Anyone remember Reverend Jeremiah Wright?

 

A final week featuring wall-to-wall video of the greatest hits of America’s un-pastor would be a vivid reminder of everything that used to concern the citizenry about Barack Obama. But just as McCain has allowed himself to be fitted with cement overshoes on campaign funding, he has been unilaterally disarmed by refusing to touch the not-so-good reverend with the proverbial 10-foot pole.

 

Why the reticence to rejoin Obama and his erstwhile spiritual advisor at the hip?

 

Partly because McCain painted himself into a box by fuming that a North Carolina Republican ad last April featuring the Right Reverend’s infamous “G*d d**n America” rant was, "not the message of the Republican Party."

Partly, I believe, because McCain is spooked by the spectre of Willie Horton and the withering racial criticism Bush 41 came under for making a matinee idol of the African-American murderer, who – taking advantage of a weekend furlough granted under Michael Dukakis – twice raped a Maryland woman after merely pistol-whipping, stabbing, tying up and gagging her fiancé.

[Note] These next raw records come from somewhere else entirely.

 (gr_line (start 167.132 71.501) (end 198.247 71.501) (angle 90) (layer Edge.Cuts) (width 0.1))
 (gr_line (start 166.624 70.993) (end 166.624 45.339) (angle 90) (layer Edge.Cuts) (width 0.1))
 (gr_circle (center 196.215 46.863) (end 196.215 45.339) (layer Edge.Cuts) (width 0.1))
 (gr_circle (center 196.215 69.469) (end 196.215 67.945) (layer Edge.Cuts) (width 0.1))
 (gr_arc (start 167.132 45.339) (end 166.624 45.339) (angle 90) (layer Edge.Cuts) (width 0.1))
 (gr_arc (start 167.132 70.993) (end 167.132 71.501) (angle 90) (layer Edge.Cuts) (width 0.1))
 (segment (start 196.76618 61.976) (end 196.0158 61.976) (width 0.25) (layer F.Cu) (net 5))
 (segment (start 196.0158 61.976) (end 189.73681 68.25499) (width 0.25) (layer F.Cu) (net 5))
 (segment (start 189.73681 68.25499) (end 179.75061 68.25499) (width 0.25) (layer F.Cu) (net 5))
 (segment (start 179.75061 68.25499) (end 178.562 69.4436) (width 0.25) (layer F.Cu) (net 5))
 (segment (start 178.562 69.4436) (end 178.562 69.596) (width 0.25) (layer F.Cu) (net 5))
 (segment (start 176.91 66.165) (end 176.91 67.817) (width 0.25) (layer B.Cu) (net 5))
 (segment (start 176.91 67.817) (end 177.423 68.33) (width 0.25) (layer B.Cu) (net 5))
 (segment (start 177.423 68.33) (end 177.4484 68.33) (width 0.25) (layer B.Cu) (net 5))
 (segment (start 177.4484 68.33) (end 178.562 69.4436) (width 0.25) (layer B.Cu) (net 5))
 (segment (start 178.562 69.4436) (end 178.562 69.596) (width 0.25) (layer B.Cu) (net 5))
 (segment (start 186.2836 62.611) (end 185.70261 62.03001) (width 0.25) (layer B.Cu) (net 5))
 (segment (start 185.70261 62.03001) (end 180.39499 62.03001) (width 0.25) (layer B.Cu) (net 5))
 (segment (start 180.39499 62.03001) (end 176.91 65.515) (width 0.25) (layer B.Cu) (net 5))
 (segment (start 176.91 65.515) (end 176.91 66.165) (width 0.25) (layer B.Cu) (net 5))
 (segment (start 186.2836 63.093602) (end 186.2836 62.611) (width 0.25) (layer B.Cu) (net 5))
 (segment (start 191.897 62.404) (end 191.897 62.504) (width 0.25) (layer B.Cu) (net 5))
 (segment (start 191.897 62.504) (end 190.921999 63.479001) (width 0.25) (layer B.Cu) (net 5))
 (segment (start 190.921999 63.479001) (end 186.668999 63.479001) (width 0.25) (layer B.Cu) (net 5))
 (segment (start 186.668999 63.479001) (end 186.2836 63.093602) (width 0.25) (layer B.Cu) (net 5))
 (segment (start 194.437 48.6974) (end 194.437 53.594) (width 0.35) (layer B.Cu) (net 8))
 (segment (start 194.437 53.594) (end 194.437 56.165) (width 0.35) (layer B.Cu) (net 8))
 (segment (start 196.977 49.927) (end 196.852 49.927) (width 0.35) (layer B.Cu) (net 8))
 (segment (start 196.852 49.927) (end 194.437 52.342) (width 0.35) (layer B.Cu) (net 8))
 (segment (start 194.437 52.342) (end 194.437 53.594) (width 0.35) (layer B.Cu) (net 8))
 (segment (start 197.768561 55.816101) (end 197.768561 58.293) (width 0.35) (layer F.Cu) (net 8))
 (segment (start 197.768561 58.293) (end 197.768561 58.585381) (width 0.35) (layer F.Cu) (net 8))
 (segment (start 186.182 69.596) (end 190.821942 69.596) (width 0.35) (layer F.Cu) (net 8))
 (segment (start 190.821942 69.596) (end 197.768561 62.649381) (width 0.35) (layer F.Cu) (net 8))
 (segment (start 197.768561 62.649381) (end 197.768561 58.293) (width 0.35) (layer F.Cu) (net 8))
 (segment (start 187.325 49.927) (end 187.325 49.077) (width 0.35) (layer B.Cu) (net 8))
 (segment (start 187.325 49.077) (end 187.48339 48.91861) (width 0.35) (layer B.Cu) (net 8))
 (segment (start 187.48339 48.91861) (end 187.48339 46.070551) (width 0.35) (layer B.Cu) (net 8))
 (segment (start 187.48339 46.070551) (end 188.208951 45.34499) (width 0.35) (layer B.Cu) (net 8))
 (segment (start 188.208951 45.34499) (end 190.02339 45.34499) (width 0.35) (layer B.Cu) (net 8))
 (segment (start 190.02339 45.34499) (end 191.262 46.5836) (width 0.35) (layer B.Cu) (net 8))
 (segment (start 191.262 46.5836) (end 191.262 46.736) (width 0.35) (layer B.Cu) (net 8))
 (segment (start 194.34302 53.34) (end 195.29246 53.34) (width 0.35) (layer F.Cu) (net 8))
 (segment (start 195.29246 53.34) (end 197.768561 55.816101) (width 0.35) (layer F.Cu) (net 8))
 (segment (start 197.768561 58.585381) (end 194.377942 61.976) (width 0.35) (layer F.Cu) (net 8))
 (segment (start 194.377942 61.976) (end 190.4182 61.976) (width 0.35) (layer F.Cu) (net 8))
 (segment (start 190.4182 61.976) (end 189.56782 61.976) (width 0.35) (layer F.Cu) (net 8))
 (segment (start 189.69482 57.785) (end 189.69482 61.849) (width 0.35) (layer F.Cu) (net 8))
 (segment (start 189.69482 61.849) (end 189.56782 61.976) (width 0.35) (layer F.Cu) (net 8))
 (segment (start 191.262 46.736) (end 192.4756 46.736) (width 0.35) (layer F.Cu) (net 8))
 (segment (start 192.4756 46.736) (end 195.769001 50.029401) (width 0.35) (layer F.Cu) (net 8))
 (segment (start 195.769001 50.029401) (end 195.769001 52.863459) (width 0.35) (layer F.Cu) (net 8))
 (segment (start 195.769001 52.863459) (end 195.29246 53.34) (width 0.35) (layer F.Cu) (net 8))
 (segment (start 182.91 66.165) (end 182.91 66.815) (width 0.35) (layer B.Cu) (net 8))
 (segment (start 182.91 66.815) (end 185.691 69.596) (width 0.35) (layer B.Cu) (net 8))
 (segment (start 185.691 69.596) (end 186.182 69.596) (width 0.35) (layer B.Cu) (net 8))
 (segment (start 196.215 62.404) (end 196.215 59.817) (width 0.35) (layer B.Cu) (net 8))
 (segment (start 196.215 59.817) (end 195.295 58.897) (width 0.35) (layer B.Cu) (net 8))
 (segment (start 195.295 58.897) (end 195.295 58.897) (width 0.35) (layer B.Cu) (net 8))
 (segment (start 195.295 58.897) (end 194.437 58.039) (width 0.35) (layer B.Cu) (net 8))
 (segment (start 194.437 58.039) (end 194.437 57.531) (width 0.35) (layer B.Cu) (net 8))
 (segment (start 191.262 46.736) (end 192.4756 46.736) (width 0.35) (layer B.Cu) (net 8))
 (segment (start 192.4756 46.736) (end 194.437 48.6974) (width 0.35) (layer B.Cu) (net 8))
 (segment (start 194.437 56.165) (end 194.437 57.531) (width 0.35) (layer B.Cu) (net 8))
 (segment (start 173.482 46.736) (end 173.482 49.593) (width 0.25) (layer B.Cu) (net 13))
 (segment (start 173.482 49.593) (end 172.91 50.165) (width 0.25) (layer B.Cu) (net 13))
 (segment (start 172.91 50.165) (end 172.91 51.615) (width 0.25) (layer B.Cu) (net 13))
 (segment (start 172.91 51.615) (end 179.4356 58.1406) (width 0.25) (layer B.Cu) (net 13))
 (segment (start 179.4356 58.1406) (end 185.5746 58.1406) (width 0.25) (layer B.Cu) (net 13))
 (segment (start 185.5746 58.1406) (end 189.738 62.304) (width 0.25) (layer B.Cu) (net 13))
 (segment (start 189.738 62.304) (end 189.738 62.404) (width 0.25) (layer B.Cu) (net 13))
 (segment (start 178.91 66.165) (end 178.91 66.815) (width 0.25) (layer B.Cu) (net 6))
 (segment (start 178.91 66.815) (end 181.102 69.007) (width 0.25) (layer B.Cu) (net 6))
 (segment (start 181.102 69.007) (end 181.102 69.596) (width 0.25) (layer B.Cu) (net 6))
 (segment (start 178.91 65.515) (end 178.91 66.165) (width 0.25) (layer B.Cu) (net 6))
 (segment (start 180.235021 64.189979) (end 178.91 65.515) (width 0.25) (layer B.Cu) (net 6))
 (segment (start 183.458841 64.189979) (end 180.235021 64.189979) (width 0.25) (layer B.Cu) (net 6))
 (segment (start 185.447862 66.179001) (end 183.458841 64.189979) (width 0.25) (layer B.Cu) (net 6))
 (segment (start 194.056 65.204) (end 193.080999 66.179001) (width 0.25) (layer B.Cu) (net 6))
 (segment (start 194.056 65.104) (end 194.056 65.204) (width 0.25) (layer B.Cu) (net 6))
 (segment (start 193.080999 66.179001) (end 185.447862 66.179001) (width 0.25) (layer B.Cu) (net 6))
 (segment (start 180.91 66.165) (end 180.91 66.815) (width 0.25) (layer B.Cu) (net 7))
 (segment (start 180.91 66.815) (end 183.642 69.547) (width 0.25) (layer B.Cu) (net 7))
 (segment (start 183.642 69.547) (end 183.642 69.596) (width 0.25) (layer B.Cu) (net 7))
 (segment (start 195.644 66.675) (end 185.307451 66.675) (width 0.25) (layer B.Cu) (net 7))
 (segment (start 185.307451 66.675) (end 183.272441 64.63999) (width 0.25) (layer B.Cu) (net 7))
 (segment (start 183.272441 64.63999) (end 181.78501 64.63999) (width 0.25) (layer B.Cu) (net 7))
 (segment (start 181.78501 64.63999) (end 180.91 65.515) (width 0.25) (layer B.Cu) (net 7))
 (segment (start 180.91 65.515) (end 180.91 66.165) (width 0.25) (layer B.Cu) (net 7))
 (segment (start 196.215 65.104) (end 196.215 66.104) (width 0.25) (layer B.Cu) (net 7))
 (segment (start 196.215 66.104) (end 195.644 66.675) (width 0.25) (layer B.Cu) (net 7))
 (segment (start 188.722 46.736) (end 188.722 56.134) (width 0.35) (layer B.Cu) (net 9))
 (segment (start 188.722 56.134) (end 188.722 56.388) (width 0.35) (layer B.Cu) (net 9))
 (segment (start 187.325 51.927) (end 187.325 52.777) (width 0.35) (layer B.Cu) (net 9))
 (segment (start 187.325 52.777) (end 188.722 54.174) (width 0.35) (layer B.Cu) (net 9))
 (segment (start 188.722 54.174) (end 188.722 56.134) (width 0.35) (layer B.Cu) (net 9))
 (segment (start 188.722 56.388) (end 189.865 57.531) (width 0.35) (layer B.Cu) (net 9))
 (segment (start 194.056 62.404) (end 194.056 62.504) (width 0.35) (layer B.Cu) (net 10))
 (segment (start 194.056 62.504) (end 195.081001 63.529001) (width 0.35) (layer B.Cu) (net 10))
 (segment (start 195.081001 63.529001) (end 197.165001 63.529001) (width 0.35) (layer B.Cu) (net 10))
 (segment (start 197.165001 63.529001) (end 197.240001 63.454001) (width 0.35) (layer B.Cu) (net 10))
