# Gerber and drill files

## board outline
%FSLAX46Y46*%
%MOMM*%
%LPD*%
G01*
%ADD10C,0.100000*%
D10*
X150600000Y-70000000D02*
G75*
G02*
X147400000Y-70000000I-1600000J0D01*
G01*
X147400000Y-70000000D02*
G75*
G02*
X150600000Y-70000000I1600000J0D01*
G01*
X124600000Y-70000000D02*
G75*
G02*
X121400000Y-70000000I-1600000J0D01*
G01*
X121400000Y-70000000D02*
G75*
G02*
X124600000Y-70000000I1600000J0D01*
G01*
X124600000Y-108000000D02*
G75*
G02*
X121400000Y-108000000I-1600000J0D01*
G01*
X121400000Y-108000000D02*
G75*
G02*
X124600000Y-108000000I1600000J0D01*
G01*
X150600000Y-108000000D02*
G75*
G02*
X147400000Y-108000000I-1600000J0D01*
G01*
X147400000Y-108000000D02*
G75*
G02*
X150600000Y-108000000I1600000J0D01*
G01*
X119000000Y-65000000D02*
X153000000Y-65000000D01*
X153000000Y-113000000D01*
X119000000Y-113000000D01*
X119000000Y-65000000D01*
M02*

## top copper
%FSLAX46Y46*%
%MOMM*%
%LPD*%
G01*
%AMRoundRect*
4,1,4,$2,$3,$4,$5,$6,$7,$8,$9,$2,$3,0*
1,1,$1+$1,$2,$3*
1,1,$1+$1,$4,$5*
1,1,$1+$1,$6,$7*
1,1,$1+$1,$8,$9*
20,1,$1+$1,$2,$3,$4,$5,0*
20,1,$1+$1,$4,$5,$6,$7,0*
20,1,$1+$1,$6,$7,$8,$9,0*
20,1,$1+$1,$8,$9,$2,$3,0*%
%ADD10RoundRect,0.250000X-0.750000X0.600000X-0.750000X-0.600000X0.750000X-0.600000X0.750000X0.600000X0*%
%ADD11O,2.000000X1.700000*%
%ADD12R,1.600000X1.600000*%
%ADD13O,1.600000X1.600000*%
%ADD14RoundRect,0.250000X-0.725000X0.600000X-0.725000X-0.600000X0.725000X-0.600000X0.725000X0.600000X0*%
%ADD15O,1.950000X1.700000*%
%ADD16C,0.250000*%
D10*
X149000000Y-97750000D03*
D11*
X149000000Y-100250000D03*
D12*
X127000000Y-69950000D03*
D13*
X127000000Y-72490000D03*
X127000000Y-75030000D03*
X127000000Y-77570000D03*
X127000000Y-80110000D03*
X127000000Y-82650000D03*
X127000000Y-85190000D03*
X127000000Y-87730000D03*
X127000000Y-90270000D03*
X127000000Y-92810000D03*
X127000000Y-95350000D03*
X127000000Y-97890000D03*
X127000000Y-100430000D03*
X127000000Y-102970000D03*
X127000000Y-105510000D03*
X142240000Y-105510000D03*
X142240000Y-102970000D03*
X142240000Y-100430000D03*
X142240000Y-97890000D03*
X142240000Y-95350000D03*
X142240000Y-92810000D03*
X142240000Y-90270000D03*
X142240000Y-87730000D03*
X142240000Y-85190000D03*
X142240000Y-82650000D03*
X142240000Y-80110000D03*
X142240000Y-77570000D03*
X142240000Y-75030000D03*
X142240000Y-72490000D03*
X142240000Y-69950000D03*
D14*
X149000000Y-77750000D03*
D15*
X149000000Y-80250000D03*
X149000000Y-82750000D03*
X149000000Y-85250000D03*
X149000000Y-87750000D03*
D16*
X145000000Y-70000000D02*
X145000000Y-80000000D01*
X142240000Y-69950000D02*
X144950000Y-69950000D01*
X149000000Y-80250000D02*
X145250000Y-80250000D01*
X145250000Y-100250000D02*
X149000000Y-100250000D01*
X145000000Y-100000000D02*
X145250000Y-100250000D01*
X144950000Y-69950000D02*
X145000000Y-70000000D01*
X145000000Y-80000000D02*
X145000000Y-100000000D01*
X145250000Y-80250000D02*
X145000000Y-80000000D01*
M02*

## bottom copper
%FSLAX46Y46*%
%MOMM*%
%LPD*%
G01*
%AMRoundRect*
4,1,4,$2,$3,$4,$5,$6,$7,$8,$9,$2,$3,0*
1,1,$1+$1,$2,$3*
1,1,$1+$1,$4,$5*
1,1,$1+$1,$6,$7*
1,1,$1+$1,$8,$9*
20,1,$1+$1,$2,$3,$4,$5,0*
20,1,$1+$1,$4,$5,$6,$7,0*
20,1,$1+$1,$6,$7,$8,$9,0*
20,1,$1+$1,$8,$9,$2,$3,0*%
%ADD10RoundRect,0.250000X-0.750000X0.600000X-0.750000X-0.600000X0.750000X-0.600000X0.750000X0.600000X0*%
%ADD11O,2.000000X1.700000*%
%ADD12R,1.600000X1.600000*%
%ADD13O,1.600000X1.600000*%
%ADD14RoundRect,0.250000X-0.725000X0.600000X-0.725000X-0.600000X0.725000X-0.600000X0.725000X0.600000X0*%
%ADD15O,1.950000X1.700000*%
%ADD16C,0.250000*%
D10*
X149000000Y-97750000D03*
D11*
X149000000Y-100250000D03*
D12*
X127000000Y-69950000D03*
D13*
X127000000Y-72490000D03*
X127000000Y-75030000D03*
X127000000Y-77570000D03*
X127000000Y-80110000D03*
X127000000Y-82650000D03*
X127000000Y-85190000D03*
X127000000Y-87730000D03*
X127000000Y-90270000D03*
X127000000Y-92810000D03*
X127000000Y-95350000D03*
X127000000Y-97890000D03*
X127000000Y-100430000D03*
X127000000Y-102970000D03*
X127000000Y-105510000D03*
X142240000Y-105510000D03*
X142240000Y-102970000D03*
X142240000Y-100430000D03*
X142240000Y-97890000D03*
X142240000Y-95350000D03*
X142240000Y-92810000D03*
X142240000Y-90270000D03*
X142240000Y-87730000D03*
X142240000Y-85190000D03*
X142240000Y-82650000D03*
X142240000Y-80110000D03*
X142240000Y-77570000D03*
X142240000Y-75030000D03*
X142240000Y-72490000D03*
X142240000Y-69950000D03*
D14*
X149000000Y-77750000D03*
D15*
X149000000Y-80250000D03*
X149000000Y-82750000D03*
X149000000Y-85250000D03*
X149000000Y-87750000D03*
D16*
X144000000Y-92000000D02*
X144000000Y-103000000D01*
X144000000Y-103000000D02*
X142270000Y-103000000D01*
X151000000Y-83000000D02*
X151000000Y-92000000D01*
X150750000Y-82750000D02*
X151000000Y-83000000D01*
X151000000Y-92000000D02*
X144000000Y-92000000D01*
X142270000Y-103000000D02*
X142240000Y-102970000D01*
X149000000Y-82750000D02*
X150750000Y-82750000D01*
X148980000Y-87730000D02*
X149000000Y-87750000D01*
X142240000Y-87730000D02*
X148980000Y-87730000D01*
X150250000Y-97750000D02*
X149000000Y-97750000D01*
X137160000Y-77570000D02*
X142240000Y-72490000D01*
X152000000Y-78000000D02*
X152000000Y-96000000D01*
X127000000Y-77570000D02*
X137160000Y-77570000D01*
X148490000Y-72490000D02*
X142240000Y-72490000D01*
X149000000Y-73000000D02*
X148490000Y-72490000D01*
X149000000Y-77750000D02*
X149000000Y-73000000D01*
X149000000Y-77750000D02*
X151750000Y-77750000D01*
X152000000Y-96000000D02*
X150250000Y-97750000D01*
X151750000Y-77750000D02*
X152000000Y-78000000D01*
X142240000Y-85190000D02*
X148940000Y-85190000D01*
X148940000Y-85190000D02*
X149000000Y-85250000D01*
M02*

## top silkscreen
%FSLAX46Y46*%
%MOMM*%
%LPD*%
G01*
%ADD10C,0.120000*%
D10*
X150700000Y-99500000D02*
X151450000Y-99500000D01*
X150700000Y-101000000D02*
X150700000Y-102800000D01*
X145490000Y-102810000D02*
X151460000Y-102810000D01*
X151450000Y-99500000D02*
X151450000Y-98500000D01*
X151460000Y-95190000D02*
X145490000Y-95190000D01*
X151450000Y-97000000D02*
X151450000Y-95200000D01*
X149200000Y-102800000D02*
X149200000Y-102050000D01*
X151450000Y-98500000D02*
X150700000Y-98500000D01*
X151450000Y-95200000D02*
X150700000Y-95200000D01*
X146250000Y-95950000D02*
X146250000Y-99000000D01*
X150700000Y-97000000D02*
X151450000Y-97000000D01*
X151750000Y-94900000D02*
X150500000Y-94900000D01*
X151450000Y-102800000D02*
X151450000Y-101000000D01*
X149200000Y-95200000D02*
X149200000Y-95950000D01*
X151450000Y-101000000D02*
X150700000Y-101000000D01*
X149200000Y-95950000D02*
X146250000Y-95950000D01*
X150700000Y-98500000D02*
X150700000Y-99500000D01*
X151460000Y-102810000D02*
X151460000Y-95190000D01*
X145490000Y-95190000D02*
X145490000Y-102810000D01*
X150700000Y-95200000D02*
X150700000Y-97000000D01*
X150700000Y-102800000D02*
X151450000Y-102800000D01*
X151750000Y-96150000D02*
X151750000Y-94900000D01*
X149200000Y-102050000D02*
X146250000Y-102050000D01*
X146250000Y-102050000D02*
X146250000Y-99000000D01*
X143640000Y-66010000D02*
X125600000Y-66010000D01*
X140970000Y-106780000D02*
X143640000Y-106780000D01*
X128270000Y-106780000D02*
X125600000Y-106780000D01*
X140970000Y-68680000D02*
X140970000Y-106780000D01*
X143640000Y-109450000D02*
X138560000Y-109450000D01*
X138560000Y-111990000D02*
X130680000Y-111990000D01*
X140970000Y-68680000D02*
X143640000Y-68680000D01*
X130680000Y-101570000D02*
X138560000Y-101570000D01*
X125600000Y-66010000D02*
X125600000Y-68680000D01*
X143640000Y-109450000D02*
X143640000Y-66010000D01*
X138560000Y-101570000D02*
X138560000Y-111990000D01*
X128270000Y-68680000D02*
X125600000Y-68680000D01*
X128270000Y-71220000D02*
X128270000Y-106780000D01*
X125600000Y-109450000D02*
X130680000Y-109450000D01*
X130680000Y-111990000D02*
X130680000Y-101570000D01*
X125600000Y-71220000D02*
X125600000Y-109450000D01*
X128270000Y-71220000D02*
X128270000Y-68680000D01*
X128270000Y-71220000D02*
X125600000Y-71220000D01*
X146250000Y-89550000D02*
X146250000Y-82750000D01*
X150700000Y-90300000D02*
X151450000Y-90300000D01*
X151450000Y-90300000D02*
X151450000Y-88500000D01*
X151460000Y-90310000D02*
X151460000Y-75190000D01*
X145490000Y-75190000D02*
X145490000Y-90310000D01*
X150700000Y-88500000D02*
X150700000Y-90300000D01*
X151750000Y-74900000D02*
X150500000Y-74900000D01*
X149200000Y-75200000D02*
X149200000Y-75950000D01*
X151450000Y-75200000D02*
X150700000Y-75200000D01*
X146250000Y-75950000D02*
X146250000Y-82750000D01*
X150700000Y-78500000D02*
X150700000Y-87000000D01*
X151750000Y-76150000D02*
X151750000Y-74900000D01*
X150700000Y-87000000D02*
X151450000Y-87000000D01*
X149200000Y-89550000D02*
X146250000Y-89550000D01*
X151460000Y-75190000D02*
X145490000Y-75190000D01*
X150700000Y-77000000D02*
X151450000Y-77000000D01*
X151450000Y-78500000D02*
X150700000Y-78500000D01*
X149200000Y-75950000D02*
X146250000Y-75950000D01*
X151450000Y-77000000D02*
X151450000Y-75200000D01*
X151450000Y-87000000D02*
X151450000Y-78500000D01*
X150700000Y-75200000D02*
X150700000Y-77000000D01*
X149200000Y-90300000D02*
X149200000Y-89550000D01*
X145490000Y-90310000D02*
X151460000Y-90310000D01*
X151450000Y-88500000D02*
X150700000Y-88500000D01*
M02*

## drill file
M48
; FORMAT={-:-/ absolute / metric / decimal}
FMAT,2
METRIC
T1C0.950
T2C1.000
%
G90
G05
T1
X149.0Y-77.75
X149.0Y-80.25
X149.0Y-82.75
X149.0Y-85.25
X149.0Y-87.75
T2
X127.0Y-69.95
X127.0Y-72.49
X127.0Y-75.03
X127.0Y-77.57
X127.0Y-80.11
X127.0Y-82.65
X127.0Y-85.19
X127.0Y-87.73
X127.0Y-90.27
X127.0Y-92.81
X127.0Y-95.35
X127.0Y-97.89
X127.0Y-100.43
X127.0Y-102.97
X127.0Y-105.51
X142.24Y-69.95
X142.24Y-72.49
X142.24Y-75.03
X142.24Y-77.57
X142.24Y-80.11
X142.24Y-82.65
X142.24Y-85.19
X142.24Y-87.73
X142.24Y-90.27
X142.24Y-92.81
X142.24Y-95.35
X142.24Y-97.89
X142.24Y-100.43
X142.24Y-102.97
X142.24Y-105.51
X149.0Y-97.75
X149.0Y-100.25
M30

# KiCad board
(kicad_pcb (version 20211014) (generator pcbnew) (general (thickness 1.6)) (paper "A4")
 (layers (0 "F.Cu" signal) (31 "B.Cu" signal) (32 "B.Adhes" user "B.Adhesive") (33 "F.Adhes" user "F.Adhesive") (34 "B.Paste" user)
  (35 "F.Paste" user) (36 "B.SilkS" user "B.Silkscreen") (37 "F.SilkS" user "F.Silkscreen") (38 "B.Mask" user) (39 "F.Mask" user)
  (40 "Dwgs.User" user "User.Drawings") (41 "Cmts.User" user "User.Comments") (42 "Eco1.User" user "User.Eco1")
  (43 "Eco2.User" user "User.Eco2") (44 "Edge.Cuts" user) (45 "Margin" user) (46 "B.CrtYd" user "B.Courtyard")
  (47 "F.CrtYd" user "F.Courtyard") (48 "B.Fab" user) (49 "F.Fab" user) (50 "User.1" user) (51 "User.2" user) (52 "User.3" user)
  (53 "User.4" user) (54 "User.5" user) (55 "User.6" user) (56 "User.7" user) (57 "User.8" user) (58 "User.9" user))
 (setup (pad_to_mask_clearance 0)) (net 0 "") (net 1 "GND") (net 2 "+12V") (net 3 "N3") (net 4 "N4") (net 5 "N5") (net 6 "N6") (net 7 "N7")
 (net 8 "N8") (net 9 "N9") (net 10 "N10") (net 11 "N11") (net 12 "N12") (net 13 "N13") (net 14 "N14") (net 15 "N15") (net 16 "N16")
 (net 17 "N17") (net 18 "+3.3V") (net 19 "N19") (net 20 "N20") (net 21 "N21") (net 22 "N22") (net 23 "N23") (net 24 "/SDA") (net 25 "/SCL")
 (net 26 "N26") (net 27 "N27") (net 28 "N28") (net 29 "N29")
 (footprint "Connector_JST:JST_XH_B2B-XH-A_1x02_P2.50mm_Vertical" (layer "F.Cu") (at 149 97.75 -90)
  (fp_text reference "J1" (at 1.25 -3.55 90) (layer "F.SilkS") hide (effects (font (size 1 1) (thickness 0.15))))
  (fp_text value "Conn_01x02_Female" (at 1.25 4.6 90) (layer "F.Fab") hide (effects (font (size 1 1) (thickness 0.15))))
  (fp_line (start 1.75 -1.7) (end 1.75 -2.45) (layer "F.SilkS") (width 0.12))
  (fp_line (start 3.25 -1.7) (end 5.05 -1.7) (layer "F.SilkS") (width 0.12))
  (fp_line (start 5.06 3.51) (end 5.06 -2.46) (layer "F.SilkS") (width 0.12))
  (fp_line (start 1.75 -2.45) (end 0.75 -2.45) (layer "F.SilkS") (width 0.12))
  (fp_line (start -2.56 -2.46) (end -2.56 3.51) (layer "F.SilkS") (width 0.12))
  (fp_line (start -0.75 -2.45) (end -2.55 -2.45) (layer "F.SilkS") (width 0.12))
  (fp_line (start 5.05 -0.2) (end 4.3 -0.2) (layer "F.SilkS") (width 0.12))
  (fp_line (start 0.75 -2.45) (end 0.75 -1.7) (layer "F.SilkS") (width 0.12))
  (fp_line (start -2.55 -2.45) (end -2.55 -1.7) (layer "F.SilkS") (width 0.12))
  (fp_line (start -1.8 2.75) (end 1.25 2.75) (layer "F.SilkS") (width 0.12))
  (fp_line (start -0.75 -1.7) (end -0.75 -2.45) (layer "F.SilkS") (width 0.12))
  (fp_line (start -2.85 -2.75) (end -2.85 -1.5) (layer "F.SilkS") (width 0.12))
  (fp_line (start 5.05 -2.45) (end 3.25 -2.45) (layer "F.SilkS") (width 0.12))
  (fp_line (start -2.55 -0.2) (end -1.8 -0.2) (layer "F.SilkS") (width 0.12))
  (fp_line (start 3.25 -2.45) (end 3.25 -1.7) (layer "F.SilkS") (width 0.12))
  (fp_line (start -1.8 -0.2) (end -1.8 2.75) (layer "F.SilkS") (width 0.12))
  (fp_line (start 0.75 -1.7) (end 1.75 -1.7) (layer "F.SilkS") (width 0.12))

But mostly because the commander is an upstanding, decent and honorable guy who does believe politics should be played under a code – and that a Wright slight would cross the line.

 

I have no such compunction.  And since Sen. McCain won’t remind you of Wright’s wrongs and raves, I will.

 

  • Of his declaration that with 9-11, “America's chickens are coming home to roost."

 

  • Of his implication that the United States is a terrorist nation.

 

  • Of his slur of our country as “the United States of KKK-A.”

 

  • And most disturbing of all, of his fantasy that the government “lied about inventing the HIV virus as a means of genocide against people of color.”

 

Why, you may ask, is any of this relevant?

 

Because Obama’s decision five months ago to part with Wright – as part of his extreme political makeover – can’t undo the fact of his nearly two-decade relationship with a church and a pastor whose outrageous statements were most assuredly not taken out of context, as both men claimed, but part of a steady weekly diet of poison.

 

The Horton ads underscored the seriously ugly real-world consequences of the eerily cerebral and aloof Dukakis’s ivory-tower theories.

 

And Obama’s coziness with Wright, Bill Ayers and the ACORN crowd exemplify his comfort with, and even inspiration by, actors far out of the mainstream – informing a liberal, even radical politics that, no matter how candy-coated, is already heightening class warfare and threatening our economic system and cultural unity.

 

If O can choose a pastor who called our nation’s highest judicial institution a “closet Klan court,” whom will he choose for his own judicial nominees? If he can follow a guru who peddles dangerous conspiracy theories as gospel truth – literally – what wild departures from reality might his various cabinet and commission appointees foist upon America?

 

Worst of all, Obama’s surprisingly successful efforts to slip his onetime mentor highlight his quick-change artistry and too-clever-by-half willingness to say anything that will get him elected. 

 

After all, Barry O first claimed to be unaware of Wright’s outrages, then admitted, “Did I ever hear him make remarks that could be considered controversial while I sat in church? Yes." (Like we all hadn’t figured that out already.) He insisted nevertheless that he could “no more disown (Wright) than I can my white grandmother” – whom he proceeded to accuse of being a closet bigot. Then he finally threw the pastor under the bus when Wright finally went too far even for his tolerant protégé in a speech before the National Press Club.

 

In other words, after Obama tried in vain to fool America regarding his relational and philosophical kinship with his racist, radical pastor, Wright made him the fool – something an American electorate with a surprisingly short collective memory should not allow Obama to do to them on November 4 and thereafter. 

 

Let’s go to the videotape.

     

© 2008 North Star Writers Group. May not be republished without permission.